*TASK TO CARRY OUT*.
Please output exactly the part of the records below that opens with the line containing "X117106287Y-93609500D01*" and closes with the line containing "X154375500Y-88500500D01*", both lines included, and nothing else.

Dataset entries:

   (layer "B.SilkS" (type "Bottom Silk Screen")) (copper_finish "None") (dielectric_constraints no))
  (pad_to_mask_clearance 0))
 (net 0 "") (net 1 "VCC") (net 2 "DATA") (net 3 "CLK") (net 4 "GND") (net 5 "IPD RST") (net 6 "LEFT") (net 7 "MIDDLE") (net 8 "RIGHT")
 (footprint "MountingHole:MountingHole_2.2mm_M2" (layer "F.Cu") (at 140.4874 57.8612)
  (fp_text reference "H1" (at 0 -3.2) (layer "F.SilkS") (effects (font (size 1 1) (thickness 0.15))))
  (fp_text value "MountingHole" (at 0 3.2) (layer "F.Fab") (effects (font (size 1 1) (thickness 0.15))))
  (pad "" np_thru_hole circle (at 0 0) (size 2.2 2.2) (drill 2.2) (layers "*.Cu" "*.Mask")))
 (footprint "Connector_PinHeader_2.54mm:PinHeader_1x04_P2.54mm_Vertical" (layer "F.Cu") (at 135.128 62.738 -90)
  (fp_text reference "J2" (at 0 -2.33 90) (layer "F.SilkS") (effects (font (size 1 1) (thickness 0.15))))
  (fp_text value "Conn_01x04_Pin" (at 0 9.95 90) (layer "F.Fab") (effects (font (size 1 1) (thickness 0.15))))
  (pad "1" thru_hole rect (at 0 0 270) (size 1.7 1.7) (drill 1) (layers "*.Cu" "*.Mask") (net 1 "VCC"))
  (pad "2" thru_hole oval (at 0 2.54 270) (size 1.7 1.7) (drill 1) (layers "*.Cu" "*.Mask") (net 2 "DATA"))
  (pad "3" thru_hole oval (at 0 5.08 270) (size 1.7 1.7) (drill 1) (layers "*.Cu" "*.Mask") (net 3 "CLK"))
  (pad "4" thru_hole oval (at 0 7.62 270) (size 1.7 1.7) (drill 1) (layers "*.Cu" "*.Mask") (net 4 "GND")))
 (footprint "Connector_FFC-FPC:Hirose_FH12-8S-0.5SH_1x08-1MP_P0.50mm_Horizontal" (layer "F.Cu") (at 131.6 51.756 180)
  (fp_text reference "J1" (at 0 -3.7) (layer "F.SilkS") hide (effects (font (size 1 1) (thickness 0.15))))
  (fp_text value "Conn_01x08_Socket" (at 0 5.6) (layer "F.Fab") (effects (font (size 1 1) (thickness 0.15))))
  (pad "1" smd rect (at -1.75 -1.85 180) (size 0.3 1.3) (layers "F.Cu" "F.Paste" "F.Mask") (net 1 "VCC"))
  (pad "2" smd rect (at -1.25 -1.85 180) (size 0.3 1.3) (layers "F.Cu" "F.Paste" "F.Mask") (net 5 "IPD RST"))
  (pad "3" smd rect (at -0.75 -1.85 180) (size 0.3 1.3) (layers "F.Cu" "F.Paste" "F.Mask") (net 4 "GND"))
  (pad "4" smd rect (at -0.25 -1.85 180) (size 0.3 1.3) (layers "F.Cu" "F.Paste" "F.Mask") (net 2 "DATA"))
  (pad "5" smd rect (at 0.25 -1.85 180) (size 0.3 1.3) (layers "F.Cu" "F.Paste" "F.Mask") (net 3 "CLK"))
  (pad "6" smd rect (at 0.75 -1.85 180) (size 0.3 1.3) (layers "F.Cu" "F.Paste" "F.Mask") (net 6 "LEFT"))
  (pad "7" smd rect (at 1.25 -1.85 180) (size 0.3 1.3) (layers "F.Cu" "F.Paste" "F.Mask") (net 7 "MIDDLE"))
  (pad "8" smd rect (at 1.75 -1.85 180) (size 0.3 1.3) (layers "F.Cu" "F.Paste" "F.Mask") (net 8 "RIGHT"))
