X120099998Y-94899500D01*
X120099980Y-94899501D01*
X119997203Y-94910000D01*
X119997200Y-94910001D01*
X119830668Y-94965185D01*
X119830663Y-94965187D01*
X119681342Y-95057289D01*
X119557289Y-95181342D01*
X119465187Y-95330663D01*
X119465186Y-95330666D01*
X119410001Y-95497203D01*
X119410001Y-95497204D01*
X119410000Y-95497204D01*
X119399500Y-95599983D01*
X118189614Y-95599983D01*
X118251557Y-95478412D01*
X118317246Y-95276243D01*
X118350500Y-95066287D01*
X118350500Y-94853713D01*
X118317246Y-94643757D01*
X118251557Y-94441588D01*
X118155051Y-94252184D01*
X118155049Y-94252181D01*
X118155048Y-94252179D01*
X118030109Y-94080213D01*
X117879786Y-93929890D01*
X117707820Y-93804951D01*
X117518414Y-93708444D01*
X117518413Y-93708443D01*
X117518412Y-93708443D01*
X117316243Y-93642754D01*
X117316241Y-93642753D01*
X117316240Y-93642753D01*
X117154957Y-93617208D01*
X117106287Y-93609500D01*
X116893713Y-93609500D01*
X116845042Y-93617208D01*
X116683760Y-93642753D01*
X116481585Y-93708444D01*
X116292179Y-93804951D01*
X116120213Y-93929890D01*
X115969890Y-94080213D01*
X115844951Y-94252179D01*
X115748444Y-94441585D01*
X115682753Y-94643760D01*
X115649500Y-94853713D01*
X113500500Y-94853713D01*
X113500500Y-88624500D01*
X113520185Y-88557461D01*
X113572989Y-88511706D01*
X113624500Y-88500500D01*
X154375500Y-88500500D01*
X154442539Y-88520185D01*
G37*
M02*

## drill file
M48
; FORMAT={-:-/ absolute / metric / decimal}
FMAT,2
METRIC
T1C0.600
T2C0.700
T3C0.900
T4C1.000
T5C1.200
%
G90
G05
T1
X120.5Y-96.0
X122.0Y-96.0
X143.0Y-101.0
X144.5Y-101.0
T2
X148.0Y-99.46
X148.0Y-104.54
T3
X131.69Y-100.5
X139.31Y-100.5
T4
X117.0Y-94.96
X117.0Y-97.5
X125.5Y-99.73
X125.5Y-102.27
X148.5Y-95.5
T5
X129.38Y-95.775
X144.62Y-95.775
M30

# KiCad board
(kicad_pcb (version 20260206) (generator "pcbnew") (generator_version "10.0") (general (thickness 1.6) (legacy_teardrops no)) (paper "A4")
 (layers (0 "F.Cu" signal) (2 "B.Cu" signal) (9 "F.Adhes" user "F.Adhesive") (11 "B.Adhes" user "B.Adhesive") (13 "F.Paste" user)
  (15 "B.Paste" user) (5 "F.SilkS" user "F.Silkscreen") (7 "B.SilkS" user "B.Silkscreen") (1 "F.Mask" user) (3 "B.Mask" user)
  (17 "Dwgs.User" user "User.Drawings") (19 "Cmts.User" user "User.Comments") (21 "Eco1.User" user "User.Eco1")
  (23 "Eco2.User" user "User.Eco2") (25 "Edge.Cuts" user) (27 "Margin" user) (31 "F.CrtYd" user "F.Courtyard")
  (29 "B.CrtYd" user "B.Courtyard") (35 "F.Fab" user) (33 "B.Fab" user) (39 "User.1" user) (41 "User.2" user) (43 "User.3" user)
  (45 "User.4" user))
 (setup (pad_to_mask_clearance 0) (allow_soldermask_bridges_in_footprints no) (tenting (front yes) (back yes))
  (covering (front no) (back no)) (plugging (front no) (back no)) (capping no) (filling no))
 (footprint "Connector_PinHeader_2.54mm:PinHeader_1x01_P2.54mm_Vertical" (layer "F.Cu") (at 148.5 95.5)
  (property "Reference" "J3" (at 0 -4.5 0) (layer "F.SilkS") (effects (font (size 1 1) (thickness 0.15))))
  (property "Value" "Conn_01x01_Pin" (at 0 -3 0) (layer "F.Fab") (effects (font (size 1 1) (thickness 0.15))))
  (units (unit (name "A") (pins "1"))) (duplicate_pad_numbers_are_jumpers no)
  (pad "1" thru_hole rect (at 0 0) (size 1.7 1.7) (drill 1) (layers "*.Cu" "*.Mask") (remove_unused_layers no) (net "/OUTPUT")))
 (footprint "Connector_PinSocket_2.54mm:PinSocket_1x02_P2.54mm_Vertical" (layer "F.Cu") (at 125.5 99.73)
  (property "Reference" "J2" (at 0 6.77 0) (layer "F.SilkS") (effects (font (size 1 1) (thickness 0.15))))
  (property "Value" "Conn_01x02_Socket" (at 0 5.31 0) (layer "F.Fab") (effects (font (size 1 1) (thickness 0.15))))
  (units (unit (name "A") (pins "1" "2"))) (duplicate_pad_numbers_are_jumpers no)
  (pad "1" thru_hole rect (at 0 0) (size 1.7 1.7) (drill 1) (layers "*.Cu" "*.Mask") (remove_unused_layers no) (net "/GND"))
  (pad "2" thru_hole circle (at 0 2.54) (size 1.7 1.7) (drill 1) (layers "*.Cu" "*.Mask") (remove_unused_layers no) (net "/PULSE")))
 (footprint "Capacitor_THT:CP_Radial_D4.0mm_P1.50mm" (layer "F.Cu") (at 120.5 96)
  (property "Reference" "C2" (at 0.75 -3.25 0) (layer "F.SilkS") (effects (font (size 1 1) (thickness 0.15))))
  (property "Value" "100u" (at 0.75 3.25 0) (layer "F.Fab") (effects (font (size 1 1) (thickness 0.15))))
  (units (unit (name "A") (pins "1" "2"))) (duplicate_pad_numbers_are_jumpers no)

*RESPONSE BOX*.
X117106287Y-93609500D01*
X116893713Y-93609500D01*
X116845042Y-93617208D01*
X116683760Y-93642753D01*
X116481585Y-93708444D01*
X116292179Y-93804951D01*
X116120213Y-93929890D01*
X115969890Y-94080213D01*
X115844951Y-94252179D01*
X115748444Y-94441585D01*
X115682753Y-94643760D01*
X115649500Y-94853713D01*
X113500500Y-94853713D01*
X113500500Y-88624500D01*
X113520185Y-88557461D01*
X113572989Y-88511706D01*
X113624500Y-88500500D01*
X154375500Y-88500500D01*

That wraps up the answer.